So we can avoid a lot of this pain by not using constructors for thread_local va...

yosefk · 2025-02-17T19:50:26 1739821826

> A significant portion of that is rdtsc time, right? Like 50-80%. Writing a few bytes to a ringbuffer prefetched in local cache is very very cheap but rdtsc takes ~4-8 nanos.

Exactly right, though it seems totally insane to me coming from an embedded background where you get the cycle count in less than 1 ns but writing to the buffer would be "the" performance problem (and then you could eg avoid writing short calls as measured at runtime, but on x86 you will have spent too much time on the rdtsc for this to lower the overhead.) There's also RDPMC but it's not much faster and you need permissions(tm) to use it, plus it stops counting on various occasions which I never fully understood.
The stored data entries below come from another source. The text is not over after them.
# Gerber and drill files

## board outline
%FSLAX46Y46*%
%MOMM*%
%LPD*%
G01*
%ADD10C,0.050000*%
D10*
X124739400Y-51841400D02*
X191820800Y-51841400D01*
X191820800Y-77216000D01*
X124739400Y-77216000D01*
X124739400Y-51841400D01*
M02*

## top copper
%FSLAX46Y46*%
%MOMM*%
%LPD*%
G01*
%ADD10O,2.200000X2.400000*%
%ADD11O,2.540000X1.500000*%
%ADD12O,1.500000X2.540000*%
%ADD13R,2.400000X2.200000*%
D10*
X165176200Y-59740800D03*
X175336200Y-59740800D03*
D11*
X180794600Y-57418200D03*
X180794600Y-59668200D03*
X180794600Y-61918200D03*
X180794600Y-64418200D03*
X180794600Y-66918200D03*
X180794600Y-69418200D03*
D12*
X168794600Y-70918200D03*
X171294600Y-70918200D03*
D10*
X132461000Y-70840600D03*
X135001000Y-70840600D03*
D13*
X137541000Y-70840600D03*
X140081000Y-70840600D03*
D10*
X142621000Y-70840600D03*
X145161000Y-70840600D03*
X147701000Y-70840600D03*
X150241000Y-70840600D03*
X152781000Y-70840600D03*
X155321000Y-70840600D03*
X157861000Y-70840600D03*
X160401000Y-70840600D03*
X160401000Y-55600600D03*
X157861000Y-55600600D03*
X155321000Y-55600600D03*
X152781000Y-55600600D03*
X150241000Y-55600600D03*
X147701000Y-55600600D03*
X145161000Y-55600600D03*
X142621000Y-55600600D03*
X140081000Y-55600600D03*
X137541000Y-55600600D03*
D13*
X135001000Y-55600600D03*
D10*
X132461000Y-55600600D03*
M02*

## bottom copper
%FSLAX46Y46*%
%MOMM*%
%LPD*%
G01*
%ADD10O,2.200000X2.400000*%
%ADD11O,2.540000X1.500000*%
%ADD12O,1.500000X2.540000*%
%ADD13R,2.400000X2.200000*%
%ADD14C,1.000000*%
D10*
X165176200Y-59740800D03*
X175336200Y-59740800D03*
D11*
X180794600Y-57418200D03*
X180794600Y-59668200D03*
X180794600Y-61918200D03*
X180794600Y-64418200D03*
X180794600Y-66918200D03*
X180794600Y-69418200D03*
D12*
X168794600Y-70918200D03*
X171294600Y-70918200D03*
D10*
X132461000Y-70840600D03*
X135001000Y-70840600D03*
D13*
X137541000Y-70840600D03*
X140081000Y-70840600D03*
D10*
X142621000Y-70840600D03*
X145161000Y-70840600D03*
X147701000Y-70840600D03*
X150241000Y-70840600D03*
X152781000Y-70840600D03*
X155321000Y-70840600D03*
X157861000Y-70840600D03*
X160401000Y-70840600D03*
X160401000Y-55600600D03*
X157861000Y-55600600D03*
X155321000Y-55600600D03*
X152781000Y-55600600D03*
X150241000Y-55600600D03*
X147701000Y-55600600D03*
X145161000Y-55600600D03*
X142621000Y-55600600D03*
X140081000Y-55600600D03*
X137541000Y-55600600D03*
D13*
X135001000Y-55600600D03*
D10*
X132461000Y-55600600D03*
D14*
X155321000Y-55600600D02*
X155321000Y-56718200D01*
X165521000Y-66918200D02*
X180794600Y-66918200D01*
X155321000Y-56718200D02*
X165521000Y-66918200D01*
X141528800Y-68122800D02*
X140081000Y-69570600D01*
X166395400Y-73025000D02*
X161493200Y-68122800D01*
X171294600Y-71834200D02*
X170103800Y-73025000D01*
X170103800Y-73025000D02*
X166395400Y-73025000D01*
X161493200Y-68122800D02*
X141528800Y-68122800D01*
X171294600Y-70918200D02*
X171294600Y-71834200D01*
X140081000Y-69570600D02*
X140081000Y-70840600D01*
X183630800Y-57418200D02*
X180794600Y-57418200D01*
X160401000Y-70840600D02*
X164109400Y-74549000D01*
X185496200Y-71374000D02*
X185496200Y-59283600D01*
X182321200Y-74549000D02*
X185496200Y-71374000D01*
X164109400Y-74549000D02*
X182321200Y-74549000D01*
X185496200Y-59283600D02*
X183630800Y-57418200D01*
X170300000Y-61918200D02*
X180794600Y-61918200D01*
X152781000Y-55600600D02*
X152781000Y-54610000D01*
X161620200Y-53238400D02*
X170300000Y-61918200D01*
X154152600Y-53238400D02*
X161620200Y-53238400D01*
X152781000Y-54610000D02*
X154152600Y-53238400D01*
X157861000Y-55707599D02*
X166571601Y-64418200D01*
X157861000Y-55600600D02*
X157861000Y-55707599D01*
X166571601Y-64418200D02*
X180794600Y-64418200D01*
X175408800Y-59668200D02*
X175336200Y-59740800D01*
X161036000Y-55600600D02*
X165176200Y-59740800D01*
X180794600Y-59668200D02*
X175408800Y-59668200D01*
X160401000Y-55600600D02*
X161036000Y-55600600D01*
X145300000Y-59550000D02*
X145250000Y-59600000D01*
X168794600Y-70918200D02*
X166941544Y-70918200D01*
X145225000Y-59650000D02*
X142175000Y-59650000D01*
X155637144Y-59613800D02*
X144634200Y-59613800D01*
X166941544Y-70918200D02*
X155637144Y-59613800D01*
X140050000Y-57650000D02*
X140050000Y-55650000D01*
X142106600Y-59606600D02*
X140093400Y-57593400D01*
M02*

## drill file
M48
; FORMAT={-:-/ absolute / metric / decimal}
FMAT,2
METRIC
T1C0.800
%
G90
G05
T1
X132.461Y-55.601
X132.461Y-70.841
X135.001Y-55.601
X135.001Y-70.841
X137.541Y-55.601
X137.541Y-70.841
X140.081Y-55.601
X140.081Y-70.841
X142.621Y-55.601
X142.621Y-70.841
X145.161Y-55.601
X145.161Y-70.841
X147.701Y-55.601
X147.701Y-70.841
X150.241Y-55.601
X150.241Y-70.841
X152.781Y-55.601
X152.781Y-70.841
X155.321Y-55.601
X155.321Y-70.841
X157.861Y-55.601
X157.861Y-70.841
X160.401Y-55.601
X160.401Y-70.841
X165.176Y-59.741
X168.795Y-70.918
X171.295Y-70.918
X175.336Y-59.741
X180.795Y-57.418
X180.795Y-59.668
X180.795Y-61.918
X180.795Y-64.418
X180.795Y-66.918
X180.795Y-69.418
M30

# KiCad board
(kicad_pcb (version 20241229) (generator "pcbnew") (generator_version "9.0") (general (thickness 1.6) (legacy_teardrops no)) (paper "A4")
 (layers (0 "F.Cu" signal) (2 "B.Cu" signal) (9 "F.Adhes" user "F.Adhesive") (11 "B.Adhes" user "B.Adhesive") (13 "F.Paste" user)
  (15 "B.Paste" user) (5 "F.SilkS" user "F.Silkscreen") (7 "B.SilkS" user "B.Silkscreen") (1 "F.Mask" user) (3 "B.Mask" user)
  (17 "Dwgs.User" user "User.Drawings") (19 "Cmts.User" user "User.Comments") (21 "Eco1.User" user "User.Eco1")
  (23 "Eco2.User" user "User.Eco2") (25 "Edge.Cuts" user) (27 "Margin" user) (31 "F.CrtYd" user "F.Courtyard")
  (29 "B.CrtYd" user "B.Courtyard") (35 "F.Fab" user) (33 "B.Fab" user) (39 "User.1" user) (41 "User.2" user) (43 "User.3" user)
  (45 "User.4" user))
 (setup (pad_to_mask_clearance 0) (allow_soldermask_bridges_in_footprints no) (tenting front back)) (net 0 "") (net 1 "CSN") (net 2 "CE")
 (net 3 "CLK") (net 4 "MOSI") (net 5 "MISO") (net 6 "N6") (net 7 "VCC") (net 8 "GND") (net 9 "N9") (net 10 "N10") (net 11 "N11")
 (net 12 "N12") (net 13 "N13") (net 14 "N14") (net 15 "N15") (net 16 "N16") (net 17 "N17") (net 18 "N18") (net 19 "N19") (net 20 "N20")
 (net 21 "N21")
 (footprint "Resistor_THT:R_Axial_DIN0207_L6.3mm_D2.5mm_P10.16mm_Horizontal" (layer "F.Cu") (at 165.1762 59.7408)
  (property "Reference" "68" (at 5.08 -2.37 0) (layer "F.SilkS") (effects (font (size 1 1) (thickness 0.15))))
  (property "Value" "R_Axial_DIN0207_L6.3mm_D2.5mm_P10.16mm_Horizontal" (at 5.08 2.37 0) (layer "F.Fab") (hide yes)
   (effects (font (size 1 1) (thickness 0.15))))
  (pad "1" thru_hole oval (at 0 0 90) (size 2.4 2.2) (drill 0.8) (layers "*.Cu" "*.Mask") (remove_unused_layers no) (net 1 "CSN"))
  (pad "2" thru_hole oval (at 10.16 0 90) (size 2.4 2.2) (drill 0.8) (layers "*.Cu" "*.Mask") (remove_unused_layers no) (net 1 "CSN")))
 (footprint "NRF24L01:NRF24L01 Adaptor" (layer "F.Cu") (at 177.5446 63.4182)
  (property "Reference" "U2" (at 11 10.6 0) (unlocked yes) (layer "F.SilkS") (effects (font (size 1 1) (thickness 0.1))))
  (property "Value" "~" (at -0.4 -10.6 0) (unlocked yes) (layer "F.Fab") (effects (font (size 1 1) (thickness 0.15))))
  (pad "1" thru_hole oval (at 3.25 -6) (size 2.54 1.5) (drill 0.8) (layers "*.Cu" "*.Mask") (remove_unused_layers no) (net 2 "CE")
   (thermal_bridge_angle 45))
  (pad "2" thru_hole oval (at 3.25 -3.75) (size 2.54 1.5) (drill 0.8) (layers "*.Cu" "*.Mask") (remove_unused_layers no) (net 1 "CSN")
   (thermal_bridge_angle 45))
  (pad "3" thru_hole oval (at 3.25 -1.5) (size 2.54 1.5) (drill 0.8) (layers "*.Cu" "*.Mask") (remove_unused_layers no) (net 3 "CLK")
   (thermal_bridge_angle 45))
  (pad "4" thru_hole oval (at 3.25 1) (size 2.54 1.5) (drill 0.8) (layers "*.Cu" "*.Mask") (remove_unused_layers no) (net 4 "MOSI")
   (thermal_bridge_angle 45))
  (pad "5" thru_hole oval (at 3.25 3.5) (size 2.54 1.5) (drill 0.8) (layers "*.Cu" "*.Mask") (remove_unused_layers no) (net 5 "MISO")
   (thermal_bridge_angle 45))
  (pad "6" thru_hole oval (at 3.25 6) (size 2.54 1.5) (drill 0.8) (layers "*.Cu" "*.Mask") (remove_unused_layers no) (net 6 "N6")
   (thermal_bridge_angle 45))
  (pad "7" thru_hole oval (at -8.75 7.5) (size 1.5 2.54) (drill 0.8) (layers "*.Cu" "*.Mask") (remove_unused_layers no) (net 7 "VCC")
   (thermal_bridge_angle 45))
  (pad "8" thru_hole oval (at -6.25 7.5) (size 1.5 2.54) (drill 0.8) (layers "*.Cu" "*.Mask") (remove_unused_layers no) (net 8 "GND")
   (thermal_bridge_angle 45))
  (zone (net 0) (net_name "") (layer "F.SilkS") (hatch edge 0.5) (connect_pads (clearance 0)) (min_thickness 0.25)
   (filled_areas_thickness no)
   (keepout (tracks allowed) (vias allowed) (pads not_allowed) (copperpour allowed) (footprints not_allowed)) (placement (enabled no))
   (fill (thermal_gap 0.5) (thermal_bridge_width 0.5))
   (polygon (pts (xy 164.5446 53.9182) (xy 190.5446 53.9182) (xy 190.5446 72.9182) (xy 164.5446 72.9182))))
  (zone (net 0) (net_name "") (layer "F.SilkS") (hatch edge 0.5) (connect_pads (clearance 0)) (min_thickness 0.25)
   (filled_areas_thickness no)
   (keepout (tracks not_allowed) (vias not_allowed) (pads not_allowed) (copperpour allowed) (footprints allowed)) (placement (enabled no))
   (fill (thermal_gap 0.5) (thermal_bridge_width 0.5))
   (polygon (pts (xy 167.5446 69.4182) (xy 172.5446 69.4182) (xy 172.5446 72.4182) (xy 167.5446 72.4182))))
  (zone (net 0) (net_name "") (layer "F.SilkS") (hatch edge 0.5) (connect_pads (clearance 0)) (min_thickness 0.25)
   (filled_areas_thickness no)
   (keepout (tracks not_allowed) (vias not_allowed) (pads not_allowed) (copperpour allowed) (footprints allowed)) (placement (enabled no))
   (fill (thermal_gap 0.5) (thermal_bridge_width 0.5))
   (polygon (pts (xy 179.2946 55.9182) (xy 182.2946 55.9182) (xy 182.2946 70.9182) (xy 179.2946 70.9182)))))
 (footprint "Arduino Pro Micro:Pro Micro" (layer "F.Cu") (at 146.431 63.2206)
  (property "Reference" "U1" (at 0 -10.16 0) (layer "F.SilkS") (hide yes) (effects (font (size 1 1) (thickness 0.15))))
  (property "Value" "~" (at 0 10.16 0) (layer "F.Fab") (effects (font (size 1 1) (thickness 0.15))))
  (pad "1" thru_hole oval (at -13.97 7.62 90) (size 2.4 2.2) (drill 0.8) (layers "*.Cu" "*.Mask") (remove_unused_layers no) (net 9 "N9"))
  (pad "2" thru_hole oval (at -11.43 7.62 90) (size 2.4 2.2) (drill 0.8) (layers "*.Cu" "*.Mask") (remove_unused_layers no) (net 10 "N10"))
  (pad "3" thru_hole rect (at -8.89 7.62) (size 2.4 2.2) (drill 0.8) (layers "*.Cu" "*.Mask") (remove_unused_layers no) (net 8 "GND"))
  (pad "4" thru_hole rect (at -6.35 7.62) (size 2.4 2.2) (drill 0.8) (layers "*.Cu" "*.Mask") (remove_unused_layers no) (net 8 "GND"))
  (pad "5" thru_hole oval (at -3.81 7.62 90) (size 2.4 2.2) (drill 0.8) (layers "*.Cu" "*.Mask") (remove_unused_layers no) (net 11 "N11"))
  (pad "6" thru_hole oval (at -1.27 7.62 90) (size 2.4 2.2) (drill 0.8) (layers "*.Cu" "*.Mask") (remove_unused_layers no) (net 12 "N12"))
  (pad "7" thru_hole oval (at 1.27 7.62 90) (size 2.4 2.2) (drill 0.8) (layers "*.Cu" "*.Mask") (remove_unused_layers no) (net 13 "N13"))
  (pad "8" thru_hole oval (at 3.81 7.62 90) (size 2.4 2.2) (drill 0.8) (layers "*.Cu" "*.Mask") (remove_unused_layers no) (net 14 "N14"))
  (pad "9" thru_hole oval (at 6.35 7.62 90) (size 2.4 2.2) (drill 0.8) (layers "*.Cu" "*.Mask") (remove_unused_layers no) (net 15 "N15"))
  (pad "10" thru_hole oval (at 8.89 7.62 90) (size 2.4 2.2) (drill 0.8) (layers "*.Cu" "*.Mask") (remove_unused_layers no) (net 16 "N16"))
  (pad "11" thru_hole oval (at 11.43 7.62 90) (size 2.4 2.2) (drill 0.8) (layers "*.Cu" "*.Mask") (remove_unused_layers no))
  (pad "12" thru_hole oval (at 13.97 7.62 90) (size 2.4 2.2) (drill 0.8) (layers "*.Cu" "*.Mask") (remove_unused_layers no) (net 2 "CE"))
  (pad "13" thru_hole oval (at 13.97 -7.62 90) (size 2.4 2.2) (drill 0.8) (layers "*.Cu" "*.Mask") (remove_unused_layers no) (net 1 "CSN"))
  (pad "14" thru_hole oval (at 11.43 -7.62 90) (size 2.4 2.2) (drill 0.8) (layers "*.Cu" "*.Mask") (remove_unused_layers no) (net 4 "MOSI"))
  (pad "15" thru_hole oval (at 8.89 -7.62 90) (size 2.4 2.2) (drill 0.8) (layers "*.Cu" "*.Mask") (remove_unused_layers no) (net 5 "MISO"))
  (pad "16" thru_hole oval (at 6.35 -7.62 90) (size 2.4 2.2) (drill 0.8) (layers "*.Cu" "*.Mask") (remove_unused_layers no) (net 3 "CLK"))
  (pad "17" thru_hole oval (at 3.81 -7.62 90) (size 2.4 2.2) (drill 0.8) (layers "*.Cu" "*.Mask") (remove_unused_layers no) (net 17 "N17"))
  (pad "18" thru_hole oval (at 1.27 -7.62 90) (size 2.4 2.2) (drill 0.8) (layers "*.Cu" "*.Mask") (remove_unused_layers no) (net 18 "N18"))
  (pad "19" thru_hole oval (at -1.27 -7.62 90) (size 2.4 2.2) (drill 0.8) (layers "*.Cu" "*.Mask") (remove_unused_layers no) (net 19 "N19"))
  (pad "20" thru_hole oval (at -3.81 -7.62 90) (size 2.4 2.2) (drill 0.8) (layers "*.Cu" "*.Mask") (remove_unused_layers no) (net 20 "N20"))
  (pad "21" thru_hole oval (at -6.35 -7.62 90) (size 2.4 2.2) (drill 0.8) (layers "*.Cu" "*.Mask") (remove_unused_layers no) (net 7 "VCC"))
  (pad "22" thru_hole oval (at -8.89 -7.62 90) (size 2.4 2.2) (drill 0.8) (layers "*.Cu" "*.Mask") (remove_unused_layers no) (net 8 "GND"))
  (pad "23" thru_hole rect (at -11.43 -7.62) (size 2.4 2.2) (drill 0.8) (layers "*.Cu" "*.Mask") (remove_unused_layers no) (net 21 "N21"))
Regarding prefetching - what do you do perfetching-wise that helps performance?.. All my attempts to do better than the simplest store instructions did nothing to improve performance (I tried prefetchw/__builtin_prefetch, movntq/_mm_stream_pi and vmovntdq/_mm_stream_si128, all of them either didn't help or made things even slower)

loeg · 2025-02-17T23:02:15 1739833335

> Regarding prefetching - what do you do perfetching-wise that helps performance?

Absolutely nothing -- the CPU internally just does a very good job predicting the ringbuffer write pattern, for obvious reasons.